Frontend & Architecture
- React & TypeScript with Next.js: Type-safe, component-based UI delivering interactive experiences across the dashboard, Kanban board, chatbot, and compliance flow.
- State Management: Application state — especially for the dynamic Kanban board and real-time chatbot — handled via appropriate state management patterns to keep UI consistent with backend changes.
- API Integration: Dedicated APIs bridge the frontend with AI inference services, the secure SQL query layer, and task management logic.
// Impact
The Takeaway
Leading ACRES was more than a technical challenge; it was a masterclass in problem decomposition. Combining computer vision, conversational AI, and agentic reasoning taught us how to build cohesive AI ecosystems that solve fragmented real-world problems.
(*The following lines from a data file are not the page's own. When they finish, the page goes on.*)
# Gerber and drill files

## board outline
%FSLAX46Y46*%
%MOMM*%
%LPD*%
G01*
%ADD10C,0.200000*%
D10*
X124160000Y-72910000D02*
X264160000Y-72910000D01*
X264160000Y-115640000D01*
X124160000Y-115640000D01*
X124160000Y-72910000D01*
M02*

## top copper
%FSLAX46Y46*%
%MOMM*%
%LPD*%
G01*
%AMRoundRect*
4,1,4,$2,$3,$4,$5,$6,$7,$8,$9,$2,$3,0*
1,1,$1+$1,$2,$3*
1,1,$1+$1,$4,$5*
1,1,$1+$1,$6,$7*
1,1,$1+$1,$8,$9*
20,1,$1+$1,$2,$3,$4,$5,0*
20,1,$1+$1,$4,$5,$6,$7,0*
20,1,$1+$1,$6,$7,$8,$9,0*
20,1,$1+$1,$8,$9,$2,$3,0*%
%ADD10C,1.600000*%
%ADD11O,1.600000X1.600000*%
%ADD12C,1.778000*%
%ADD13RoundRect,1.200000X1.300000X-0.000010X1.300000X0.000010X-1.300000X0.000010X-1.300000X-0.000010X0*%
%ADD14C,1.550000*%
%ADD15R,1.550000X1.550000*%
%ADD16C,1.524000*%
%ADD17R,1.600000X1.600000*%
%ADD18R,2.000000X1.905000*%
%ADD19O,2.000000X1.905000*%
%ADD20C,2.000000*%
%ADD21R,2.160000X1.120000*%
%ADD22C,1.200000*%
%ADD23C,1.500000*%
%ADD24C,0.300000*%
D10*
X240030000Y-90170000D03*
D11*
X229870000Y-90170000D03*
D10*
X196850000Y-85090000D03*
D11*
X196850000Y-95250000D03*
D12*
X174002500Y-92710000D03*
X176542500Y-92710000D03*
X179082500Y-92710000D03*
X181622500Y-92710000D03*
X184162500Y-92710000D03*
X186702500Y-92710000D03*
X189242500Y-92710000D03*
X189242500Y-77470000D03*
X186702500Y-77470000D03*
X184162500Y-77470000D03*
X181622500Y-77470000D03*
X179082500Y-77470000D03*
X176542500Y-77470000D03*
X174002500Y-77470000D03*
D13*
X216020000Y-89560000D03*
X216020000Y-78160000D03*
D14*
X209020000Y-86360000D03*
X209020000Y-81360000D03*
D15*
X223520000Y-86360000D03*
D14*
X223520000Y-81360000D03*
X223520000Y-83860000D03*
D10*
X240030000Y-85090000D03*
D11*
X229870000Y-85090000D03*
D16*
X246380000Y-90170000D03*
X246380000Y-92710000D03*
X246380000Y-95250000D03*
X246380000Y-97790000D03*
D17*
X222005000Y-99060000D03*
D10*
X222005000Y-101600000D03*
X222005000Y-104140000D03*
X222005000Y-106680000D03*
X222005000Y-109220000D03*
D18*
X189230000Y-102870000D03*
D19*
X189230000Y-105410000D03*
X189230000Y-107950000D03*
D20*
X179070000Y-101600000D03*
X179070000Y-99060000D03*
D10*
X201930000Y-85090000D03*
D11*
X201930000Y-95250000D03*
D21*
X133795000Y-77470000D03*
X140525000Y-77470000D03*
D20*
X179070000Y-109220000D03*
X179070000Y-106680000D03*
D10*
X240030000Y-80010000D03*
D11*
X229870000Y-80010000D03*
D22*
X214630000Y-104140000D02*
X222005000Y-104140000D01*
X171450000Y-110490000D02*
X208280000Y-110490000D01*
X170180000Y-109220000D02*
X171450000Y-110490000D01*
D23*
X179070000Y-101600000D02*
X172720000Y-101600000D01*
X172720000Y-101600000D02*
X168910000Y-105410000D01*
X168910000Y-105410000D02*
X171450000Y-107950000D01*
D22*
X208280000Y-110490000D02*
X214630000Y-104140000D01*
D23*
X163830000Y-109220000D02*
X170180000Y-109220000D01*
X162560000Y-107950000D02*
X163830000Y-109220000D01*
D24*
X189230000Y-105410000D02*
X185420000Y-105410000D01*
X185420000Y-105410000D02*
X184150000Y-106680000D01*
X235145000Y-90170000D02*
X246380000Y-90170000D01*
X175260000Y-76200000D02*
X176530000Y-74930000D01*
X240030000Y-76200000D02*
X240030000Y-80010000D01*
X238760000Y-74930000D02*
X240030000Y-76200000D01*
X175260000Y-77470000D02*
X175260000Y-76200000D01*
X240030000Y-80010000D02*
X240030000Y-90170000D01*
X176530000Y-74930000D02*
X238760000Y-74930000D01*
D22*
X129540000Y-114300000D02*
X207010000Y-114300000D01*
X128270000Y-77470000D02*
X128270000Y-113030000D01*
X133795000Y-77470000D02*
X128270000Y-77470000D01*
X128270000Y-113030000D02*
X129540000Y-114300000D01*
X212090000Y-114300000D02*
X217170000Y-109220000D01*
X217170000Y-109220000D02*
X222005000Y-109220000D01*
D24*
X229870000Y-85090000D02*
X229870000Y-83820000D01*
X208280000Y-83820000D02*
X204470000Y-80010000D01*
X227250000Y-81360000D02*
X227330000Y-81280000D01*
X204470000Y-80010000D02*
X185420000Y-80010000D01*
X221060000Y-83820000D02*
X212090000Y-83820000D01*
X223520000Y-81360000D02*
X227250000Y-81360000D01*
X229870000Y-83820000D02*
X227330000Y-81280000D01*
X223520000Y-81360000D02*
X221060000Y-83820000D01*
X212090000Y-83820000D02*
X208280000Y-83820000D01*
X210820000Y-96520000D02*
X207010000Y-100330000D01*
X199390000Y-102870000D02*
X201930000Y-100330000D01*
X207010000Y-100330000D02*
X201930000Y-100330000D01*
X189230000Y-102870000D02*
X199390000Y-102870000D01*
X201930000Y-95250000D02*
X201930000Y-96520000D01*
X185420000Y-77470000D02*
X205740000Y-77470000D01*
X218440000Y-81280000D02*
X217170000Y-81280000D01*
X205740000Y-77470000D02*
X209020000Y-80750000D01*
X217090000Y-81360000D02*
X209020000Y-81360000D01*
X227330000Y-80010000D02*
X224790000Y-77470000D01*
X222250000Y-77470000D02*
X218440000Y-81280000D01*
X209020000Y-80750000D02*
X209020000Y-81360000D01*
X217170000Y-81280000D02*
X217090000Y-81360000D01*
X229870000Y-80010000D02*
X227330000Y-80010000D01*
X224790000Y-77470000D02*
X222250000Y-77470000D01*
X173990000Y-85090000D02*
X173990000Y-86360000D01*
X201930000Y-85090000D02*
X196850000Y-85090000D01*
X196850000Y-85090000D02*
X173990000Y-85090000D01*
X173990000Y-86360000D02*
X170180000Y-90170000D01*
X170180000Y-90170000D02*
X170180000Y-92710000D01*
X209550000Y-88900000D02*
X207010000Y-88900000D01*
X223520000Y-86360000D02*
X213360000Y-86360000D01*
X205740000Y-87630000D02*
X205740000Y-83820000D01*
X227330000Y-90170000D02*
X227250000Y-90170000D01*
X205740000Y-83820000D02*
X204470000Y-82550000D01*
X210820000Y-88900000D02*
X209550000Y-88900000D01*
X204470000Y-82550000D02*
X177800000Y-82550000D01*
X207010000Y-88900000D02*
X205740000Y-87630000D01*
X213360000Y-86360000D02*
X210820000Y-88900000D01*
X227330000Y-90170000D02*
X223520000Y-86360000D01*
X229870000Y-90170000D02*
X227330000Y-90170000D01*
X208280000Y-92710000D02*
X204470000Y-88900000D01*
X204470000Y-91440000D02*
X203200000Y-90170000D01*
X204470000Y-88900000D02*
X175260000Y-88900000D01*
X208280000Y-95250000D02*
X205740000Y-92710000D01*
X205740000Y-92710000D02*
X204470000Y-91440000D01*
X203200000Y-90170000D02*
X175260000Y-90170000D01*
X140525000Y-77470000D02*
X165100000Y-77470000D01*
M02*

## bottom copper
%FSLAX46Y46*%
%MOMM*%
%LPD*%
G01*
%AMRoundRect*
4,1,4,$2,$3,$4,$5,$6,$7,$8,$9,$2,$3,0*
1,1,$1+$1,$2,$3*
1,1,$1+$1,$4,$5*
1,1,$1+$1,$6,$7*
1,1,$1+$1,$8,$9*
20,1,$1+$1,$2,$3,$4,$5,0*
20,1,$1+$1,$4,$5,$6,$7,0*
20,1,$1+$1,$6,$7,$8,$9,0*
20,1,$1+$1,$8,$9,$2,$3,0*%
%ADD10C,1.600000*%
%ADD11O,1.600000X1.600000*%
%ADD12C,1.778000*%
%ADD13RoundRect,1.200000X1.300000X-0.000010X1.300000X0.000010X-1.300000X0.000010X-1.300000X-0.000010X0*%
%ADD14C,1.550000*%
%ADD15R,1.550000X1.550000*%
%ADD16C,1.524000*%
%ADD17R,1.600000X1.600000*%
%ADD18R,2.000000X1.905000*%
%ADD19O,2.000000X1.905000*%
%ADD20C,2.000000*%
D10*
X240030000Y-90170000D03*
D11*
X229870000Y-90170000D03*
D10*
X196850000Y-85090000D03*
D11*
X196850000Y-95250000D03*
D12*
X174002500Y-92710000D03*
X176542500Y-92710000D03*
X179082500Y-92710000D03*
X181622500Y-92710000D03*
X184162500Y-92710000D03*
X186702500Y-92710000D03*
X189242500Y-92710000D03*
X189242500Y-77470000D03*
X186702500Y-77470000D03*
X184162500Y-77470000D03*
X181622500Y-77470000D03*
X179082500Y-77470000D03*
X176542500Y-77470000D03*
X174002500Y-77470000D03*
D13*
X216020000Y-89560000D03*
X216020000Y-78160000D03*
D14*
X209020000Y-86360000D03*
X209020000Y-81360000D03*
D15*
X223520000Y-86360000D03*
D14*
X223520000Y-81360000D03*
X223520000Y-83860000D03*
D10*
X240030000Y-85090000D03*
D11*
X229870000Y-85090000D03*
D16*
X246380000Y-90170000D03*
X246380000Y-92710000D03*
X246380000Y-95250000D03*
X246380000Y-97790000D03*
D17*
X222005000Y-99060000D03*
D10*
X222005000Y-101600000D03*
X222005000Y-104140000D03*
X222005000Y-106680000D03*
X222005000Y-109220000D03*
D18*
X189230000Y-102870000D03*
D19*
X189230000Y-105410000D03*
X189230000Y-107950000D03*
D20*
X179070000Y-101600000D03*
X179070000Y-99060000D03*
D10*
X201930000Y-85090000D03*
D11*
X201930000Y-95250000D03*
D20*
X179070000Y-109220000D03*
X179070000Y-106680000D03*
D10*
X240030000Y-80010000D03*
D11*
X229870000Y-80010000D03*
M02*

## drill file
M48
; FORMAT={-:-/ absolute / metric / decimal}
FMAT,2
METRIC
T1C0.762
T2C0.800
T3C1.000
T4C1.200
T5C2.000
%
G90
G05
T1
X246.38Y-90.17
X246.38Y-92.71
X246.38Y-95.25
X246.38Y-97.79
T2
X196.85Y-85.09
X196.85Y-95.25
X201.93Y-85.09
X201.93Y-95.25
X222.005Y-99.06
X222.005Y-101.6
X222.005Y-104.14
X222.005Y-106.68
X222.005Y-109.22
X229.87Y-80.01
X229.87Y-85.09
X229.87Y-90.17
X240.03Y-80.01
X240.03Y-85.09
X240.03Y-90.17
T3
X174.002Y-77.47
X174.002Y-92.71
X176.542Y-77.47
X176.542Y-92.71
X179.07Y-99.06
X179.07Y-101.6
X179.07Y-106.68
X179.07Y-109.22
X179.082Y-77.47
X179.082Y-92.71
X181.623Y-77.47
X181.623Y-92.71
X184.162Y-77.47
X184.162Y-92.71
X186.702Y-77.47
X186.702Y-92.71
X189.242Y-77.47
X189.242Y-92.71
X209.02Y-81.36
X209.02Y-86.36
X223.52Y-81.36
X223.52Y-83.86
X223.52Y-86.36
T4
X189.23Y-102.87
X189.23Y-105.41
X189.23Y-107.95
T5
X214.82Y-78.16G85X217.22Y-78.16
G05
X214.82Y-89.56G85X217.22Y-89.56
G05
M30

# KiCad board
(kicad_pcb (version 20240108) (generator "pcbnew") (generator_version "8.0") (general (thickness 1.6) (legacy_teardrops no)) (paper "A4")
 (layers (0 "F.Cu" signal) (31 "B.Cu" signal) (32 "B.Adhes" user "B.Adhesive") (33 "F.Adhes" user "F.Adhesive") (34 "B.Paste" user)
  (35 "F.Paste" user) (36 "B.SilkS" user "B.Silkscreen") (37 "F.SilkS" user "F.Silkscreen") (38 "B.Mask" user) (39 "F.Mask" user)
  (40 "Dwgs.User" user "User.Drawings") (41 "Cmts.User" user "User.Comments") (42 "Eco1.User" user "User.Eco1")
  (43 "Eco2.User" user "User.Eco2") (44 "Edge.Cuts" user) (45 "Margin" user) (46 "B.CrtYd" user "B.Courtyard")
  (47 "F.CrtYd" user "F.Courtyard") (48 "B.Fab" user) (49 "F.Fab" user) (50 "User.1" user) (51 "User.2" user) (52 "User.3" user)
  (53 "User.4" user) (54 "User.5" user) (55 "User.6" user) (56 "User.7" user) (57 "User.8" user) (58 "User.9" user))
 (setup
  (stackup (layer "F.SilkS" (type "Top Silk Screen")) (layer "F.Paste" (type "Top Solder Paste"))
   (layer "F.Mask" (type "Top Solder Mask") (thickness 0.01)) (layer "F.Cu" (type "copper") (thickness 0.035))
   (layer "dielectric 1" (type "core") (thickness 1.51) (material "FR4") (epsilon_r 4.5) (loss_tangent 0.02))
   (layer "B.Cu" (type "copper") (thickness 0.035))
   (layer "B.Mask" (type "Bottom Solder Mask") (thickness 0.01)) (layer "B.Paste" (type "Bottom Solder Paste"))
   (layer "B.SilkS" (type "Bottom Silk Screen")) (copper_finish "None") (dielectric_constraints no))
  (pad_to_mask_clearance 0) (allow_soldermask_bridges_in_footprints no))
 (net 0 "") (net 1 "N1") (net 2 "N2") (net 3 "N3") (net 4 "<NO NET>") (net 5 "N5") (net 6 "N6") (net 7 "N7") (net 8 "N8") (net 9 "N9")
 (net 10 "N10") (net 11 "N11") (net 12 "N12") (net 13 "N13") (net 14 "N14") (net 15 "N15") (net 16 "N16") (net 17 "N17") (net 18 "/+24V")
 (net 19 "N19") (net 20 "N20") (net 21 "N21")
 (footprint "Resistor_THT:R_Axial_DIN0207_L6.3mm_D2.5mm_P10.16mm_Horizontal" (layer "F.Cu") (at 240.03 90.17 180)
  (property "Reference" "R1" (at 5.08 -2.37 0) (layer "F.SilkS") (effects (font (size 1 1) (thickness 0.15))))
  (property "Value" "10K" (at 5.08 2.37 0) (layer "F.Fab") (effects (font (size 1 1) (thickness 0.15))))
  (pad "1" thru_hole circle (at 0 0 180) (size 1.6 1.6) (drill 0.8) (layers "*.Cu" "*.Mask") (remove_unused_layers no) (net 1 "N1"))
  (pad "2" thru_hole oval (at 10.16 0 180) (size 1.6 1.6) (drill 0.8) (layers "*.Cu" "*.Mask") (remove_unused_layers no) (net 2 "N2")))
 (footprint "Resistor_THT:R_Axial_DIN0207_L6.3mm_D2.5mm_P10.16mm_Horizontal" (layer "F.Cu") (at 196.85 85.09 -90)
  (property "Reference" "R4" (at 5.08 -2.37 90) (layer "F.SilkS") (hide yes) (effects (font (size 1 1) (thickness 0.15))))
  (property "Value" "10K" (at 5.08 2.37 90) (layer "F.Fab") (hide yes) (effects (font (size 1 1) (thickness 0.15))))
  (pad "1" thru_hole circle (at 0 0 270) (size 1.6 1.6) (drill 0.8) (layers "*.Cu" "*.Mask") (remove_unused_layers no) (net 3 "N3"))
  (pad "2" thru_hole oval (at 10.16 0 270) (size 1.6 1.6) (drill 0.8) (layers "*.Cu" "*.Mask") (remove_unused_layers no) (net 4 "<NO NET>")))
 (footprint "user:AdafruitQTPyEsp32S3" (layer "F.Cu") (at 174.0025 92.71 90)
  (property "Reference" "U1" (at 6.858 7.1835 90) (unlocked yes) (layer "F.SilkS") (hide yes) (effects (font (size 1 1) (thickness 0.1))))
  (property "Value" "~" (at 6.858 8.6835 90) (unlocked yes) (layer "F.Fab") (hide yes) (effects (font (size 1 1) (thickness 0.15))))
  (pad "1" thru_hole circle (at 0 0 90) (size 1.778 1.778) (drill 1) (layers "*.Cu" "*.Mask") (remove_unused_layers no) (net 3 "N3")
   (solder_mask_margin 0.0508) (thermal_bridge_angle 0))
  (pad "2" thru_hole circle (at 0 2.54 90) (size 1.778 1.778) (drill 1) (layers "*.Cu" "*.Mask") (remove_unused_layers no) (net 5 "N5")
   (solder_mask_margin 0.0508) (thermal_bridge_angle 0))
  (pad "3" thru_hole circle (at 0 5.08 90) (size 1.778 1.778) (drill 1) (layers "*.Cu" "*.Mask") (remove_unused_layers no) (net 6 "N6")
   (solder_mask_margin 0.0508) (thermal_bridge_angle 0))
  (pad "4" thru_hole circle (at 0 7.62 90) (size 1.778 1.778) (drill 1) (layers "*.Cu" "*.Mask") (remove_unused_layers no) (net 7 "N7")
   (solder_mask_margin 0.0508) (thermal_bridge_angle 0))
  (pad "5" thru_hole circle (at 0 10.16 90) (size 1.778 1.778) (drill 1) (layers "*.Cu" "*.Mask") (remove_unused_layers no) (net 2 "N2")
   (solder_mask_margin 0.0508) (thermal_bridge_angle 0))
  (pad "6" thru_hole circle (at 0 12.7 90) (size 1.778 1.778) (drill 1) (layers "*.Cu" "*.Mask") (remove_unused_layers no) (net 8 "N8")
The value of this integration was proven when our team secured first place in the AI Hackathon, with judges specifically highlighting the application's unique capability to seamlessly weave together disparate ML architectures into a highly practical B2B tool.
Team Leadership
Leading a technical team under competition deadlines while keeping scope ambitious but deliverable.
System Integration
Integrating vision, NLP, and agentic systems into one coherent full-stack product.
Secure Interaction
Designing secure AI-to-database interaction without sacrificing speed or usability.
Full Ownership
Owning delivery across frontend, backend, and database layers instead of treating them as separate concerns.
Problem Decomposition
Breaking down a broad industry problem into focused product capabilities with real operational value.
Validation
First-place recognition validated both the prototype and the technical sophistication of combining multiple AI systems end to end.